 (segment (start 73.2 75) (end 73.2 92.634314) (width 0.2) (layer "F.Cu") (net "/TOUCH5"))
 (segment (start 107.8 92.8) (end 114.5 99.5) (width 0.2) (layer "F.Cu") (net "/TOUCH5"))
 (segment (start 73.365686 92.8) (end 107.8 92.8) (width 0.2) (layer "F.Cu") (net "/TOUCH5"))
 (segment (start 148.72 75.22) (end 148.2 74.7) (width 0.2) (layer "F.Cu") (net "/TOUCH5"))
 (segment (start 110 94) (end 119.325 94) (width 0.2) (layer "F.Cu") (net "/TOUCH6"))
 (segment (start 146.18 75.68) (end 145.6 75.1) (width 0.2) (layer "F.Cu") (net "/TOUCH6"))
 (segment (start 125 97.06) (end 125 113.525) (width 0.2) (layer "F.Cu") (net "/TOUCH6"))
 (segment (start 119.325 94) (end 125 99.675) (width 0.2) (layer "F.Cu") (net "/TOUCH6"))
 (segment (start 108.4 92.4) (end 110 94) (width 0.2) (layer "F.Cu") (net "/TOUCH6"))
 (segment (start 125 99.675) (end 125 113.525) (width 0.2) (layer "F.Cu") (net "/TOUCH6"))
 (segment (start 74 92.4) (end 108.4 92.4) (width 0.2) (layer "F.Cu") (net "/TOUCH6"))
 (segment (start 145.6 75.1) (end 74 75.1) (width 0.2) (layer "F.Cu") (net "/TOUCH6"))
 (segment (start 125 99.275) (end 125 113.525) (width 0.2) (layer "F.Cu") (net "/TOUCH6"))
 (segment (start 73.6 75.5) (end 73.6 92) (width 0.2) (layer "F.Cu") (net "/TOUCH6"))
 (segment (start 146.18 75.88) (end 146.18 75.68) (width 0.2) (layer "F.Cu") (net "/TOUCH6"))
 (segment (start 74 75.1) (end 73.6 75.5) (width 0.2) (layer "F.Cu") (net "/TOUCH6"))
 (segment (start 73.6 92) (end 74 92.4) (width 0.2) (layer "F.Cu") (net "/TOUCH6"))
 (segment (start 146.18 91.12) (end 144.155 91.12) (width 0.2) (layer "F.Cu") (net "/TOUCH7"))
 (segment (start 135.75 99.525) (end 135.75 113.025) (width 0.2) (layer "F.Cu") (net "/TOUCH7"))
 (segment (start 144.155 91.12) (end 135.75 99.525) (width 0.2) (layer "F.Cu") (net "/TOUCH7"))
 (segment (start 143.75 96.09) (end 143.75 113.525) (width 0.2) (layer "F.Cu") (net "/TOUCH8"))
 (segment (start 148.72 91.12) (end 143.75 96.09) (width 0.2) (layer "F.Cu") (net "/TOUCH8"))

#### [WORK TO BE COMPLETED]
Leave out every line after the one with "(segment (start 108.4". Reproduce the material above exactly from its first line through that line.

#### [RESPONSE TO THE TASK]
 (segment (start 73.2 75) (end 73.2 92.634314) (width 0.2) (layer "F.Cu") (net "/TOUCH5"))
 (segment (start 107.8 92.8) (end 114.5 99.5) (width 0.2) (layer "F.Cu") (net "/TOUCH5"))
 (segment (start 73.365686 92.8) (end 107.8 92.8) (width 0.2) (layer "F.Cu") (net "/TOUCH5"))
 (segment (start 148.72 75.22) (end 148.2 74.7) (width 0.2) (layer "F.Cu") (net "/TOUCH5"))
 (segment (start 110 94) (end 119.325 94) (width 0.2) (layer "F.Cu") (net "/TOUCH6"))
 (segment (start 146.18 75.68) (end 145.6 75.1) (width 0.2) (layer "F.Cu") (net "/TOUCH6"))
 (segment (start 125 97.06) (end 125 113.525) (width 0.2) (layer "F.Cu") (net "/TOUCH6"))
 (segment (start 119.325 94) (end 125 99.675) (width 0.2) (layer "F.Cu") (net "/TOUCH6"))
 (segment (start 108.4 92.4) (end 110 94) (width 0.2) (layer "F.Cu") (net "/TOUCH6"))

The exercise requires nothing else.